[Dataset excerpts]

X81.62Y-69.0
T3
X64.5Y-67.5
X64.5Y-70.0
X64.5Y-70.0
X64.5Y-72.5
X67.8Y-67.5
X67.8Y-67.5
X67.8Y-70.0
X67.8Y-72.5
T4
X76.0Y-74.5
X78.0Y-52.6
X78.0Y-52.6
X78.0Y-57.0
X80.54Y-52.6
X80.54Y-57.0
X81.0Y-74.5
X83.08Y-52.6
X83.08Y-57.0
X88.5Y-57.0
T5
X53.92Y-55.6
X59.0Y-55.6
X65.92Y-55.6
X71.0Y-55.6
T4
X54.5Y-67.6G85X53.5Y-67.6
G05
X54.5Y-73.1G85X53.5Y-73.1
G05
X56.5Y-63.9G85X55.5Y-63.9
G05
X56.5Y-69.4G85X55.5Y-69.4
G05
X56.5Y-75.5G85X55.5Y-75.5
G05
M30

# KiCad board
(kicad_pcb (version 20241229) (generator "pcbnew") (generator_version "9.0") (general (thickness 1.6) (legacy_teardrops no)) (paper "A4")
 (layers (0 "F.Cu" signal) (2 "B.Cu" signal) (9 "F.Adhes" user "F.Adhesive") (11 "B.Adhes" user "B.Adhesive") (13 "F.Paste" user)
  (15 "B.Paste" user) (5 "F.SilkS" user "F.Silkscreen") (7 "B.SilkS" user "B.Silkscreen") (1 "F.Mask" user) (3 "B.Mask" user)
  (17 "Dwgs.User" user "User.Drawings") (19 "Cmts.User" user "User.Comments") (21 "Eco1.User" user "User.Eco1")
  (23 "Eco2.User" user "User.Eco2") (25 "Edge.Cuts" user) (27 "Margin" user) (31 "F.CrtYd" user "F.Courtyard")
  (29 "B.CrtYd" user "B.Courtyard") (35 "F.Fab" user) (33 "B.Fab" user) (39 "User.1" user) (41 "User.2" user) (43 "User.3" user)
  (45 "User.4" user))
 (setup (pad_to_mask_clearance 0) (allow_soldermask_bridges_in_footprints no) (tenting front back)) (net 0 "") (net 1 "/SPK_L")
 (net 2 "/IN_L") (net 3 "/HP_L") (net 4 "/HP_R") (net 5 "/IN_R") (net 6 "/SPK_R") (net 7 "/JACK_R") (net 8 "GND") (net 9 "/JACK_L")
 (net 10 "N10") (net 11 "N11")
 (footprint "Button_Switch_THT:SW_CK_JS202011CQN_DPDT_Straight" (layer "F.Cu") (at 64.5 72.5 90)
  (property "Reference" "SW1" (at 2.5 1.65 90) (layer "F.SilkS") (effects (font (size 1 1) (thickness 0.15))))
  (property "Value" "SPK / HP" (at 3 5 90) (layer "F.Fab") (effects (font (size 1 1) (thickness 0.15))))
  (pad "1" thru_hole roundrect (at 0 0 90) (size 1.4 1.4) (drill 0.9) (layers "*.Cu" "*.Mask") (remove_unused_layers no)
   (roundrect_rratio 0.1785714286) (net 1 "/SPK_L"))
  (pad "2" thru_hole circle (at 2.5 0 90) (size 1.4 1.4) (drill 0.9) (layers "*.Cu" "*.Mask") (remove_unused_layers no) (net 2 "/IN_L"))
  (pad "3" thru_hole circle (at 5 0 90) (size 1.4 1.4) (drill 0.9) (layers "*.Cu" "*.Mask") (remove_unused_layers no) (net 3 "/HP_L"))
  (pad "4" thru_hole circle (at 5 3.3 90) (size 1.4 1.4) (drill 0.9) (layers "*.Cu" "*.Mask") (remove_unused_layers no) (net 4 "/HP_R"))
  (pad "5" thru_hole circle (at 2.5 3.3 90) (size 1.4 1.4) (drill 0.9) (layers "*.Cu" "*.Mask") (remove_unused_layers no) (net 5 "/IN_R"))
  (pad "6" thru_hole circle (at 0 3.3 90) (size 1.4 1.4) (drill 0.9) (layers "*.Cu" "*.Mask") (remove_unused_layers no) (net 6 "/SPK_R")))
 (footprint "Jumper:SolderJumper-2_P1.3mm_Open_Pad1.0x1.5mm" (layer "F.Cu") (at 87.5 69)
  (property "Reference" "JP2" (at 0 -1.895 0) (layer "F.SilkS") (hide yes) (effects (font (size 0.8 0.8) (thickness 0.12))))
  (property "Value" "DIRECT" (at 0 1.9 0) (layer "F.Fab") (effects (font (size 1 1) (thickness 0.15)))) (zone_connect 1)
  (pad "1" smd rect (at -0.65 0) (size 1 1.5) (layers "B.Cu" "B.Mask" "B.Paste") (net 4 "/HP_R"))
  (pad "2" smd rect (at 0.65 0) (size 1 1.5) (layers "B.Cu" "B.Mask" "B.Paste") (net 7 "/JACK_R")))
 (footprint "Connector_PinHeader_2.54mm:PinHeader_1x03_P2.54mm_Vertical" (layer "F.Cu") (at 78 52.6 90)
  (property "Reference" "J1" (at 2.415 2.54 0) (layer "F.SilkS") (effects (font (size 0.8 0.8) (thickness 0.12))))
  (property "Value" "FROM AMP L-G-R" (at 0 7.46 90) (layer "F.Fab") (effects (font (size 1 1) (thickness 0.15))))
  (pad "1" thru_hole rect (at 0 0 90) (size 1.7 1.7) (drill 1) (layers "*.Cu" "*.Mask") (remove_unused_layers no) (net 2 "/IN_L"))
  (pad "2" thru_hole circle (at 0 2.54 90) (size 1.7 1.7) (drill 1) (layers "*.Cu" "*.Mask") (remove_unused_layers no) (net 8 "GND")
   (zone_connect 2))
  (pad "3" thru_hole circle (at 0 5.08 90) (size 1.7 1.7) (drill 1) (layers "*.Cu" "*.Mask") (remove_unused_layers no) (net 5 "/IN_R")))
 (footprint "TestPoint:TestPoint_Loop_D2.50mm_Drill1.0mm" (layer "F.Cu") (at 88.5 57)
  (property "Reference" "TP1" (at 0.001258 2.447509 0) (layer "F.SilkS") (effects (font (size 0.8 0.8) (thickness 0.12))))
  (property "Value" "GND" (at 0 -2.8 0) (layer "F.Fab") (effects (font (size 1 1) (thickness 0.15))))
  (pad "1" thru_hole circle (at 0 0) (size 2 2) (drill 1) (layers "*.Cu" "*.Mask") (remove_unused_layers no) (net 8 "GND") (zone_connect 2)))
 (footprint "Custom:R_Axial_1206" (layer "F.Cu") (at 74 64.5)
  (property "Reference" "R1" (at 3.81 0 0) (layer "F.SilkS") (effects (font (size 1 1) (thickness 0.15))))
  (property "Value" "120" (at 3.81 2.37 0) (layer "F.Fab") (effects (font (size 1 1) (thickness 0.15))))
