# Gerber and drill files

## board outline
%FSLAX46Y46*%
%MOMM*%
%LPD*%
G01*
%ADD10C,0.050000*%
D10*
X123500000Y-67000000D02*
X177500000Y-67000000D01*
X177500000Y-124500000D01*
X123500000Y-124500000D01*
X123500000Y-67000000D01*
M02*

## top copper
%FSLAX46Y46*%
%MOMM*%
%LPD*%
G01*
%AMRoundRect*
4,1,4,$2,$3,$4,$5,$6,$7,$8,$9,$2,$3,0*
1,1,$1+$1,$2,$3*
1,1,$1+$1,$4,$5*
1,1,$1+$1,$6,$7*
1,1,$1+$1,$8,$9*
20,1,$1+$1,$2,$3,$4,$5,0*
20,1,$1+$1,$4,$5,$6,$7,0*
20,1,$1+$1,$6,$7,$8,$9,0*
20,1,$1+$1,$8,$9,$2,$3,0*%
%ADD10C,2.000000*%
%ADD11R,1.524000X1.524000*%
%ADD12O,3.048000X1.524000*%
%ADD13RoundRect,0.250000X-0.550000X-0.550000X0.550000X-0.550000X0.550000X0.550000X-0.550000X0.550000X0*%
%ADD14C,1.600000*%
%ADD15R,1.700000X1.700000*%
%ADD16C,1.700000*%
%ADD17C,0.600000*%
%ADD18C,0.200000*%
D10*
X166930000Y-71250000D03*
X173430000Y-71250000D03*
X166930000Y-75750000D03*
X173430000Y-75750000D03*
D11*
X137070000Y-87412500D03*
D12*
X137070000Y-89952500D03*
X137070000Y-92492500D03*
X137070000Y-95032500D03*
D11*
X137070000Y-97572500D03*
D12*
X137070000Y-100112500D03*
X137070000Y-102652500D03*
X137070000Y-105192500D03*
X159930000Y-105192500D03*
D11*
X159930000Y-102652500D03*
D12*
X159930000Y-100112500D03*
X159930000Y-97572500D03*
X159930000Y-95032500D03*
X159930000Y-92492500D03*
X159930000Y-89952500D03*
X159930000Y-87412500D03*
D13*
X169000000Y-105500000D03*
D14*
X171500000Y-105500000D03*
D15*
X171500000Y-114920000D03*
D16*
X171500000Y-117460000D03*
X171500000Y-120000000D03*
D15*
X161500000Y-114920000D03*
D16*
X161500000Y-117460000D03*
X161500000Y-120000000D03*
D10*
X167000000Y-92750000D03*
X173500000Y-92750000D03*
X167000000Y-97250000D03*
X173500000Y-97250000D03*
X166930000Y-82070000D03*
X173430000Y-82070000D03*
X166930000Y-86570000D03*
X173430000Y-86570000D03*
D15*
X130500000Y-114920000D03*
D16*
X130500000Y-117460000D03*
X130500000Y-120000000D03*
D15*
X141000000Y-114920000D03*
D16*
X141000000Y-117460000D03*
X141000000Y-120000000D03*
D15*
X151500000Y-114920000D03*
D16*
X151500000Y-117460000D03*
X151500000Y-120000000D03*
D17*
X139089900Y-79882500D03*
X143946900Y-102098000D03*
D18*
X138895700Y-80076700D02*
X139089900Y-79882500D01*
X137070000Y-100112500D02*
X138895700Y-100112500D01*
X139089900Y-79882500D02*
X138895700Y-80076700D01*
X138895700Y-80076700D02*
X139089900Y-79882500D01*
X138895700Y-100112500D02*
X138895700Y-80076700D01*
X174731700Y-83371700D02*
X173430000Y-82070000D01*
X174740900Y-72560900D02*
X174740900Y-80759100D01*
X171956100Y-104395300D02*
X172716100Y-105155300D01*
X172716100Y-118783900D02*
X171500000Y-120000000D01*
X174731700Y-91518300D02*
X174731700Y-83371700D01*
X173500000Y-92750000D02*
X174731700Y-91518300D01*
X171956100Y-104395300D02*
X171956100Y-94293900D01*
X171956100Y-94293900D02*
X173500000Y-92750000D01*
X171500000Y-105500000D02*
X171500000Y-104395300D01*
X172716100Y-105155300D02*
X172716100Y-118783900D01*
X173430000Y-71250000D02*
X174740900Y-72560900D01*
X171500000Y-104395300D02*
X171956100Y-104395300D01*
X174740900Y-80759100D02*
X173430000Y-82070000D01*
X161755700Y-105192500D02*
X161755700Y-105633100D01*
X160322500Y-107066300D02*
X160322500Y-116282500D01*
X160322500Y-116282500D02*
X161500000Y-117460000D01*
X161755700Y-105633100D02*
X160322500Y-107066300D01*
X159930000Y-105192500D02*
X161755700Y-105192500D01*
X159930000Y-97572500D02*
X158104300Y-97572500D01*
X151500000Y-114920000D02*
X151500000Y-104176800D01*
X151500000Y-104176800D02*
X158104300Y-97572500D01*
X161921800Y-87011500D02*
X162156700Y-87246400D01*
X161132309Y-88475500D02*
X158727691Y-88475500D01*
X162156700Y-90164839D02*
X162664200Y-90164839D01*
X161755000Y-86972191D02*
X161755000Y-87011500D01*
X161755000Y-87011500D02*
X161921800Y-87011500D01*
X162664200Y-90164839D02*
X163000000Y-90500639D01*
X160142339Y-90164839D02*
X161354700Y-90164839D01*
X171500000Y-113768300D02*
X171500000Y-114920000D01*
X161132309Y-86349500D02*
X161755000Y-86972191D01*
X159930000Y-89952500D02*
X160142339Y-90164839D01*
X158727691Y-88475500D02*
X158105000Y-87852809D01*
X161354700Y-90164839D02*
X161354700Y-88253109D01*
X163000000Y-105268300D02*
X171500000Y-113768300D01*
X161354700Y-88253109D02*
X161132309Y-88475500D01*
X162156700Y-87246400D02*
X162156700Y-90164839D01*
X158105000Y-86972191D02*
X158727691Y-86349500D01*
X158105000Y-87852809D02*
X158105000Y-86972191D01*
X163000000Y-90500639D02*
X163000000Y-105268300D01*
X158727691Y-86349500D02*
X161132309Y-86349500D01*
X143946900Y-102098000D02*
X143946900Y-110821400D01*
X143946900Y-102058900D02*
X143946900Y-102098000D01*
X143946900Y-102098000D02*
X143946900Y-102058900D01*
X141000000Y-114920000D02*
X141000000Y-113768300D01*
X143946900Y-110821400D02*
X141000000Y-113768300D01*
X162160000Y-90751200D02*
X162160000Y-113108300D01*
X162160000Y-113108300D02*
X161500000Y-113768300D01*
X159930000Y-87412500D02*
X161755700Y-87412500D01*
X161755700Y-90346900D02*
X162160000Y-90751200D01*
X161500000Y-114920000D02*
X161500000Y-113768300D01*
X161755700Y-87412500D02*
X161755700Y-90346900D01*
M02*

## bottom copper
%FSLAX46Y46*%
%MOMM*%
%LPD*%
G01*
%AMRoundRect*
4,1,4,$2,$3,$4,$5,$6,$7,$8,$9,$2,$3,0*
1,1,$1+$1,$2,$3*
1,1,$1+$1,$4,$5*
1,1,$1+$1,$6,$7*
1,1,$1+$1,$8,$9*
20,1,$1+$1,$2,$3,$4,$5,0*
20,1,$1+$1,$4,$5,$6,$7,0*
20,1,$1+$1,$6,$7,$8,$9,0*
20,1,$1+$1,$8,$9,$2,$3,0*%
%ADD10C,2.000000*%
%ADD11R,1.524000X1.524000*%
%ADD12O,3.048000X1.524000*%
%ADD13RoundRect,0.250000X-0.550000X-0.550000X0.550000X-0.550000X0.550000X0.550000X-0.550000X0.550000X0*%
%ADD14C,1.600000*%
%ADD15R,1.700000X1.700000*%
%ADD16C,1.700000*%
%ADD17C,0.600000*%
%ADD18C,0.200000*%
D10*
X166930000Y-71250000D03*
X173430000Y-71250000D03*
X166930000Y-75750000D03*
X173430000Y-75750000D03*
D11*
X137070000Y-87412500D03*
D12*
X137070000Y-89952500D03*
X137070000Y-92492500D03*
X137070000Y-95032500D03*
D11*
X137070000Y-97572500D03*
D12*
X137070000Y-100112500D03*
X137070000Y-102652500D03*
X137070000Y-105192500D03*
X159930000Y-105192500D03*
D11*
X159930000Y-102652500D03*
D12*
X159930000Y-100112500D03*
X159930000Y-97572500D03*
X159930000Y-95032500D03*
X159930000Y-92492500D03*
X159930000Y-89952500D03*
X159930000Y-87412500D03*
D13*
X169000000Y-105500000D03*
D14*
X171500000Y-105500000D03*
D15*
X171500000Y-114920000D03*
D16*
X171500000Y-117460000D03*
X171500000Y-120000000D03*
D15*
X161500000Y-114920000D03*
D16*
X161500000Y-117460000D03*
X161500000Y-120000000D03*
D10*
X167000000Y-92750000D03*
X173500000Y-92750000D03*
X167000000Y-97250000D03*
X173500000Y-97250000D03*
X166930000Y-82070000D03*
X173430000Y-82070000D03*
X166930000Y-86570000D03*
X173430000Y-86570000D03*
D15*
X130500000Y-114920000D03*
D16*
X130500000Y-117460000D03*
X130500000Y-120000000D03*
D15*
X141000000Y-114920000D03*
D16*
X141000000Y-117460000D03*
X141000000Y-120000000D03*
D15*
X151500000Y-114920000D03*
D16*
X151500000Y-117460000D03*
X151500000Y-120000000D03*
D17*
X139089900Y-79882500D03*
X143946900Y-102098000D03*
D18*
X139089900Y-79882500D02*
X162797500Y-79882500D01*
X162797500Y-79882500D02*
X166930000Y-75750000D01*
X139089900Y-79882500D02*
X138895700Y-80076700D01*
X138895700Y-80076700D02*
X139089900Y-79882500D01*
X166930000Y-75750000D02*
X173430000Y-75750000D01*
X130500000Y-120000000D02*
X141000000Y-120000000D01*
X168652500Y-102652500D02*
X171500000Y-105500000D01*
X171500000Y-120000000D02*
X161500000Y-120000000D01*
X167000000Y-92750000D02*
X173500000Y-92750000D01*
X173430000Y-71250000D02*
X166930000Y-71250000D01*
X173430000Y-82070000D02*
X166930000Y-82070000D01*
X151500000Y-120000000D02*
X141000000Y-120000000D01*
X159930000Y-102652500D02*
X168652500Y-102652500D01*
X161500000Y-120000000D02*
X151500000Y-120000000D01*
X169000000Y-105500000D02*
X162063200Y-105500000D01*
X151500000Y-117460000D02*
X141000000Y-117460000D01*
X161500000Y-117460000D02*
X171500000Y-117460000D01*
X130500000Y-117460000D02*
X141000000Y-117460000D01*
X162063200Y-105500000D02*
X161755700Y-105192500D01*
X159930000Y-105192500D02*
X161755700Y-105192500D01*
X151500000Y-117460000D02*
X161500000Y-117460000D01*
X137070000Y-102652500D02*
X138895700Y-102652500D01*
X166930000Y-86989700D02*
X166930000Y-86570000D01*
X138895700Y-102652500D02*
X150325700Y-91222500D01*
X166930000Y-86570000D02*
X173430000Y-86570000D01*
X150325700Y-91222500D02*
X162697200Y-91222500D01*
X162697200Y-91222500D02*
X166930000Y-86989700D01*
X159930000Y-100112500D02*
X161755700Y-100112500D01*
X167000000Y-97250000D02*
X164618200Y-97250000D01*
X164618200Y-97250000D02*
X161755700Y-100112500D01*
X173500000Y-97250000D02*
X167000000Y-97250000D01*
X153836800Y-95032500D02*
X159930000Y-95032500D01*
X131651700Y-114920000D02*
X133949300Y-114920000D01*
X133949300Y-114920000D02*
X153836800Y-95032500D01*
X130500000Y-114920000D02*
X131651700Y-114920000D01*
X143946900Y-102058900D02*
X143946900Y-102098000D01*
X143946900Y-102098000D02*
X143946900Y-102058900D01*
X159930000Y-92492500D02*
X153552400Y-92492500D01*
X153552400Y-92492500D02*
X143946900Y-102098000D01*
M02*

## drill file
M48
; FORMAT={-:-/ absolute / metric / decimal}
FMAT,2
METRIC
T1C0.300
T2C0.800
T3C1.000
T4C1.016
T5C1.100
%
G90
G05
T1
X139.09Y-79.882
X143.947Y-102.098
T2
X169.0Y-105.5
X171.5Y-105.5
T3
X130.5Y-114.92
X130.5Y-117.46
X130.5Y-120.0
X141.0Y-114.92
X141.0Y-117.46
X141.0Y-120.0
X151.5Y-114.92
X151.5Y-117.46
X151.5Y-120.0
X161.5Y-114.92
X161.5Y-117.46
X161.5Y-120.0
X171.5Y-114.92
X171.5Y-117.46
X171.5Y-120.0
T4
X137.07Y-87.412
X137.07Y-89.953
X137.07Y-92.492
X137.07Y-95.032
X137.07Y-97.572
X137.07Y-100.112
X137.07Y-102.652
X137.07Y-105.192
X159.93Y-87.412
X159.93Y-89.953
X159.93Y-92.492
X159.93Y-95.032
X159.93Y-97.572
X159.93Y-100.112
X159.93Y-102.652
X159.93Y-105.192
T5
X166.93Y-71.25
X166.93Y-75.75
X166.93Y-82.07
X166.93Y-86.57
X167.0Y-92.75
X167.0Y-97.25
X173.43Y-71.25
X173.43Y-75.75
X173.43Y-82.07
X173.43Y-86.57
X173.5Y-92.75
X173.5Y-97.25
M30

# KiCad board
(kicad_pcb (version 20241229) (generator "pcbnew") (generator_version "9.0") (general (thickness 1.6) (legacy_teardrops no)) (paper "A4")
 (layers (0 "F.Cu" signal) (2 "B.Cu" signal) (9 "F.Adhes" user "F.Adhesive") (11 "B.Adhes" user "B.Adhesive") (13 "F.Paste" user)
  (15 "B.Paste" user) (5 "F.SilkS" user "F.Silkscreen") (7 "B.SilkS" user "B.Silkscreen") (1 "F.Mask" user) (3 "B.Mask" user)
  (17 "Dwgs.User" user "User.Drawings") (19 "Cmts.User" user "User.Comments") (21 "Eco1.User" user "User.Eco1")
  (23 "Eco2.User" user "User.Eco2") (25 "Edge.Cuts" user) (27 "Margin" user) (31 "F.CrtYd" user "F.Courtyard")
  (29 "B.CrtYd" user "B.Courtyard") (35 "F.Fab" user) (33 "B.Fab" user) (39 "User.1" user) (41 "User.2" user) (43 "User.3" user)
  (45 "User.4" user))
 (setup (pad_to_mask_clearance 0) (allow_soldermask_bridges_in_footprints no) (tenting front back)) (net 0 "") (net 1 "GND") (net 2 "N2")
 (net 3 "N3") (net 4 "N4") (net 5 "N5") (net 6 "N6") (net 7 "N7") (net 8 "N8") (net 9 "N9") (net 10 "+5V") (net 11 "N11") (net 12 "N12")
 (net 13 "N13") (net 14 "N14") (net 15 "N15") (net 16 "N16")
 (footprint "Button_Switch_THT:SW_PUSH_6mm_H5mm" (layer "F.Cu") (at 166.93 71.25)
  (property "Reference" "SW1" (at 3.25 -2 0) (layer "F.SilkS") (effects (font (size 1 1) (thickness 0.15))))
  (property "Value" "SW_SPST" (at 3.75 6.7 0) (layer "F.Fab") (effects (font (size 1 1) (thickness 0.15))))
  (pad "1" thru_hole circle (at 0 0 90) (size 2 2) (drill 1.1) (layers "*.Cu" "*.Mask") (remove_unused_layers no) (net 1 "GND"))
  (pad "1" thru_hole circle (at 6.5 0 90) (size 2 2) (drill 1.1) (layers "*.Cu" "*.Mask") (remove_unused_layers no) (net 1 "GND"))
  (pad "2" thru_hole circle (at 0 4.5 90) (size 2 2) (drill 1.1) (layers "*.Cu" "*.Mask") (remove_unused_layers no) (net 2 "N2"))
  (pad "2" thru_hole circle (at 6.5 4.5 90) (size 2 2) (drill 1.1) (layers "*.Cu" "*.Mask") (remove_unused_layers no) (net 2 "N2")))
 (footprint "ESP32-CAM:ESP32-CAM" (layer "F.Cu") (at 148.5 95.0325)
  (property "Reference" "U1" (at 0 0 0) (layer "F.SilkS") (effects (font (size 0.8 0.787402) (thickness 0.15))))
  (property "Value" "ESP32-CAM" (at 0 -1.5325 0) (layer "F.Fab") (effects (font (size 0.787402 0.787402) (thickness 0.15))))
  (pad "P$1" thru_hole rect (at -11.43 -7.62) (size 1.524 1.524) (drill 1.016) (layers "*.Cu" "*.Mask") (remove_unused_layers no)
   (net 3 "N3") (solder_mask_margin 0.102))
  (pad "P$2" thru_hole oval (at -11.43 -5.08) (size 3.048 1.524) (drill 1.016) (layers "*.Cu" "*.Mask") (remove_unused_layers no)
   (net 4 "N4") (solder_mask_margin 0.102))
  (pad "P$3" thru_hole oval (at -11.43 -2.54) (size 3.048 1.524) (drill 1.016) (layers "*.Cu" "*.Mask") (remove_unused_layers no)
   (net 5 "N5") (solder_mask_margin 0.102))
  (pad "P$4" thru_hole oval (at -11.43 0) (size 3.048 1.524) (drill 1.016) (layers "*.Cu" "*.Mask") (remove_unused_layers no) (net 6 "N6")
   (solder_mask_margin 0.102))
  (pad "P$5" thru_hole rect (at -11.43 2.54) (size 1.524 1.524) (drill 1.016) (layers "*.Cu" "*.Mask") (remove_unused_layers no)
   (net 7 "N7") (solder_mask_margin 0.102))
  (pad "P$6" thru_hole oval (at -11.43 5.08) (size 3.048 1.524) (drill 1.016) (layers "*.Cu" "*.Mask") (remove_unused_layers no)
   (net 2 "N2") (solder_mask_margin 0.102))
  (pad "P$7" thru_hole oval (at -11.43 7.62) (size 3.048 1.524) (drill 1.016) (layers "*.Cu" "*.Mask") (remove_unused_layers no)
   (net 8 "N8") (solder_mask_margin 0.102))
  (pad "P$8" thru_hole oval (at -11.43 10.16) (size 3.048 1.524) (drill 1.016) (layers "*.Cu" "*.Mask") (remove_unused_layers no)
   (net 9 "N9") (solder_mask_margin 0.102))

- Exercise goal -
From the entries above, extract only the lines running from the one containing "X174731700Y-83371700D01*" through the one containing "X163000000Y-90500639D02*", inclusive.

- Output of the exercise -
X174731700Y-83371700D01*
X173500000Y-92750000D02*
X174731700Y-91518300D01*
X171956100Y-104395300D02*
X171956100Y-94293900D01*
X171956100Y-94293900D02*
X173500000Y-92750000D01*
X171500000Y-105500000D02*
X171500000Y-104395300D01*
X172716100Y-105155300D02*
X172716100Y-118783900D01*
X173430000Y-71250000D02*
X174740900Y-72560900D01*
X171500000Y-104395300D02*
X171956100Y-104395300D01*
X174740900Y-80759100D02*
X173430000Y-82070000D01*
X161755700Y-105192500D02*
X161755700Y-105633100D01*
X160322500Y-107066300D02*
X160322500Y-116282500D01*
X160322500Y-116282500D02*
X161500000Y-117460000D01*
X161755700Y-105633100D02*
X160322500Y-107066300D01*
X159930000Y-105192500D02*
X161755700Y-105192500D01*
X159930000Y-97572500D02*
X158104300Y-97572500D01*
X151500000Y-114920000D02*
X151500000Y-104176800D01*
X151500000Y-104176800D02*
X158104300Y-97572500D01*
X161921800Y-87011500D02*
X162156700Y-87246400D01*
X161132309Y-88475500D02*
X158727691Y-88475500D01*
X162156700Y-90164839D02*
X162664200Y-90164839D01*
X161755000Y-86972191D02*
X161755000Y-87011500D01*
X161755000Y-87011500D02*
X161921800Y-87011500D01*
X162664200Y-90164839D02*
X163000000Y-90500639D01*
X160142339Y-90164839D02*
X161354700Y-90164839D01*
X171500000Y-113768300D02*
X171500000Y-114920000D01*
X161132309Y-86349500D02*
X161755000Y-86972191D01*
X159930000Y-89952500D02*
X160142339Y-90164839D01*
X158727691Y-88475500D02*
X158105000Y-87852809D01*
X161354700Y-90164839D02*
X161354700Y-88253109D01*
X163000000Y-105268300D02*
X171500000Y-113768300D01*
X161354700Y-88253109D02*
X161132309Y-88475500D01*
X162156700Y-87246400D02*
X162156700Y-90164839D01*
X158105000Y-86972191D02*
X158727691Y-86349500D01*
X158105000Y-87852809D02*
X158105000Y-86972191D01*
X163000000Y-90500639D02*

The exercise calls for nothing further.